Avant chaque épandage par l'épandeur de verre, il est trempé dans de l'alcool et flambé au-dessus d'un bec bunsen. Les tubes et les plaques de bouillon inoculés sont incubés à 37 ° C pendant 24 heures dans un incubateur. Les plaques sont incubées en position inversée, de haut en bas.

12. Pour l'échantillon solide (par exemple, le sol), 10 g de l'échantillon sont pesés de manière aseptique et homogénéisés dans le pilon et le mortier stérilisés ou dans une coupelle d'homogénéisation après avoir ajouté 90 ml de la solution saline stérilisée provenant de la fiole conique de 100 ml.

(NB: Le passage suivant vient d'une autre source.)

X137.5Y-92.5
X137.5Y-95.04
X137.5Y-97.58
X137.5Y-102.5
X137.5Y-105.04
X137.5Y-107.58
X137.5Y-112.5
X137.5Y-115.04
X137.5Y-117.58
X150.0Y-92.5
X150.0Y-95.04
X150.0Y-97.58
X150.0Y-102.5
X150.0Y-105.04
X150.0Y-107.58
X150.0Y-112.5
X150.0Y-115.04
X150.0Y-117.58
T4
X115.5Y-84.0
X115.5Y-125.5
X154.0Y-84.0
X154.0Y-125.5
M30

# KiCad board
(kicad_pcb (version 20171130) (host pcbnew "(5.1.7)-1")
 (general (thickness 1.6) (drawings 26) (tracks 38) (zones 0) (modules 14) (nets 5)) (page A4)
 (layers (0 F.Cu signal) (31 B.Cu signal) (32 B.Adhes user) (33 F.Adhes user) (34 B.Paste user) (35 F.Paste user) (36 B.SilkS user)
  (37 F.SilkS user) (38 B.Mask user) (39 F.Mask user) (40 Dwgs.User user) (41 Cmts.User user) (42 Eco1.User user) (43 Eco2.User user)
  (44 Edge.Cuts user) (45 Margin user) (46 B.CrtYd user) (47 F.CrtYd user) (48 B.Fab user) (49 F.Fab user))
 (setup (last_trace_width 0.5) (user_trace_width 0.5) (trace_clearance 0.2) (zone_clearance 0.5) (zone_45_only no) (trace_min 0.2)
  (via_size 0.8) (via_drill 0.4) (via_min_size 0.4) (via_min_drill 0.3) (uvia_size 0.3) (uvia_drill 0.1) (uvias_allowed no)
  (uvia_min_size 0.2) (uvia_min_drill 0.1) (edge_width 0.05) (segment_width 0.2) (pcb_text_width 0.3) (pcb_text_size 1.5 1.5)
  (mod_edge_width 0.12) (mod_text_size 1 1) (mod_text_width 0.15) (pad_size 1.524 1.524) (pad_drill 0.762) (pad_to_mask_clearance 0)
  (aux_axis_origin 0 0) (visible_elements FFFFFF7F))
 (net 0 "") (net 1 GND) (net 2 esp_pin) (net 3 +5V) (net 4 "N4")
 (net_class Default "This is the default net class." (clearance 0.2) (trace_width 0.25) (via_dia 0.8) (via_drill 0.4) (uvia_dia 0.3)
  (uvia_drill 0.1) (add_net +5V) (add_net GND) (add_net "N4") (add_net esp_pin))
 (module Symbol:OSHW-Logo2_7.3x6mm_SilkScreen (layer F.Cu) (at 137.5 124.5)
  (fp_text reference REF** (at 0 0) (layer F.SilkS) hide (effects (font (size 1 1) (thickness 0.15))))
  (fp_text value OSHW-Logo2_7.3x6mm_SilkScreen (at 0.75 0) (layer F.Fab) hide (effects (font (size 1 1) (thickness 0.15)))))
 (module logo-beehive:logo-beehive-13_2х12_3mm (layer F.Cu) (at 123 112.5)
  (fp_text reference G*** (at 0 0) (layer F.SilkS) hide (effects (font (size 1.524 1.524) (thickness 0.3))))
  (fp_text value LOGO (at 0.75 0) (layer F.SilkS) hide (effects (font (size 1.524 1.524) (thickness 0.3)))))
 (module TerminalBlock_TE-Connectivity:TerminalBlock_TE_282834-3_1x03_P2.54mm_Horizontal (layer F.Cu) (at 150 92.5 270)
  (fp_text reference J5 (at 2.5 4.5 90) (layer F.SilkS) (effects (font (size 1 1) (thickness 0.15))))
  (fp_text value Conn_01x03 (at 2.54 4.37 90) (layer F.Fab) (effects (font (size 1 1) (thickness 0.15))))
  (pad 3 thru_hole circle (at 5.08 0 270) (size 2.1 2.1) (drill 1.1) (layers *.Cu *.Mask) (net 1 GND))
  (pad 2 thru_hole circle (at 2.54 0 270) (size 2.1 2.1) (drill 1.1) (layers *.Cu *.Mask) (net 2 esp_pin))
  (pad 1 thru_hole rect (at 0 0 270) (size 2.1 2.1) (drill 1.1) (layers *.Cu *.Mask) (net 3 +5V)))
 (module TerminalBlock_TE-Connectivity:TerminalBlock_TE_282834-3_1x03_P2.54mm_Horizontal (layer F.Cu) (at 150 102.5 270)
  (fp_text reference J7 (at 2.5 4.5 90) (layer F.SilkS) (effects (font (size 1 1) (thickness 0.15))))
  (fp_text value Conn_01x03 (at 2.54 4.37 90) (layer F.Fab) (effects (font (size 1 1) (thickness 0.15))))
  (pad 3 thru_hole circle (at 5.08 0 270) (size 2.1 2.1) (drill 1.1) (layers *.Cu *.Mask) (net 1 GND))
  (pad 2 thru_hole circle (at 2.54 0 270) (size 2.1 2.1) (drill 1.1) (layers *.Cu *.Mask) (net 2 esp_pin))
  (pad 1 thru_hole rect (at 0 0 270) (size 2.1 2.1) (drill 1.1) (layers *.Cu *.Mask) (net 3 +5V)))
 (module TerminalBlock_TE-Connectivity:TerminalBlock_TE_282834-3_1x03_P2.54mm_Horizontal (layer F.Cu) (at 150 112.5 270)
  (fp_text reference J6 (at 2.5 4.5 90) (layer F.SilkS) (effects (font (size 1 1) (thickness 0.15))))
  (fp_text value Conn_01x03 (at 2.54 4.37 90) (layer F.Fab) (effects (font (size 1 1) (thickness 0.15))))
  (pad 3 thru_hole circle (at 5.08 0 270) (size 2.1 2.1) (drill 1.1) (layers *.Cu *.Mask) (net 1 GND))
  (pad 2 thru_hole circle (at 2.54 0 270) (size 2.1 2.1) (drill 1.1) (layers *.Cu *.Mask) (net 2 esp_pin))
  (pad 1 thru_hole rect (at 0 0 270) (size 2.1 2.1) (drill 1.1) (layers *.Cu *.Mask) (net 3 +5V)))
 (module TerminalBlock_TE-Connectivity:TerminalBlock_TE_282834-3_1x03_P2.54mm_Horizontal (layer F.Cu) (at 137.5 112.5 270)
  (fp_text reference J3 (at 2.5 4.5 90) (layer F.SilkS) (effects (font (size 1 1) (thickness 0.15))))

Cette suspension bactérienne homogène est pipetée de manière aseptique dans 2 tubes de bouillon et 2 boîtes de gélose comme à l'étape 11 et incubée à 37 ° C pendant 24 heures dans l'incubateur (figure 6.2). Les plaques sont incubées en position inversée, de haut en bas.

13. Pour l'échantillonnage de surface, la surface présumée contenir des bactéries (dessus de table, surface du corps, plaie) est marquée pour une unité de surface (par exemple 1 cm ² ), qui est frottée avec un écouvillon stérilisé. L'écouvillon est touché sur la surface des deux plaques d'agar laissées.

Les stries sont effectuées de manière aseptique par une boucle stérilisée à la flamme. Pour les traînées, des lignes presque parallèles sont tracées par la boucle à partir du point de contact du coton-tige. Ceux-ci forment les stries principales. Après stérilisation à la flamme de la boucle, les traînées secondaires sont dessinées presque en diagonale par rapport aux traînées principales. De manière similaire, les stries tertiaires et quaternaires sont réalisées de manière aseptique.

14. Ensuite, les plaques sont incubées en position inversée, de haut en bas, à 37 ° C pendant 24 heures dans l'incubateur (figure 6.2).

15. Une plaque de gélose non inoculée et un tube de bouillon non inoculé sont incubés à titre de contrôle pour assurer une stérilisation appropriée, comme indiqué par l'absence de croissance. Cette étape est facultative.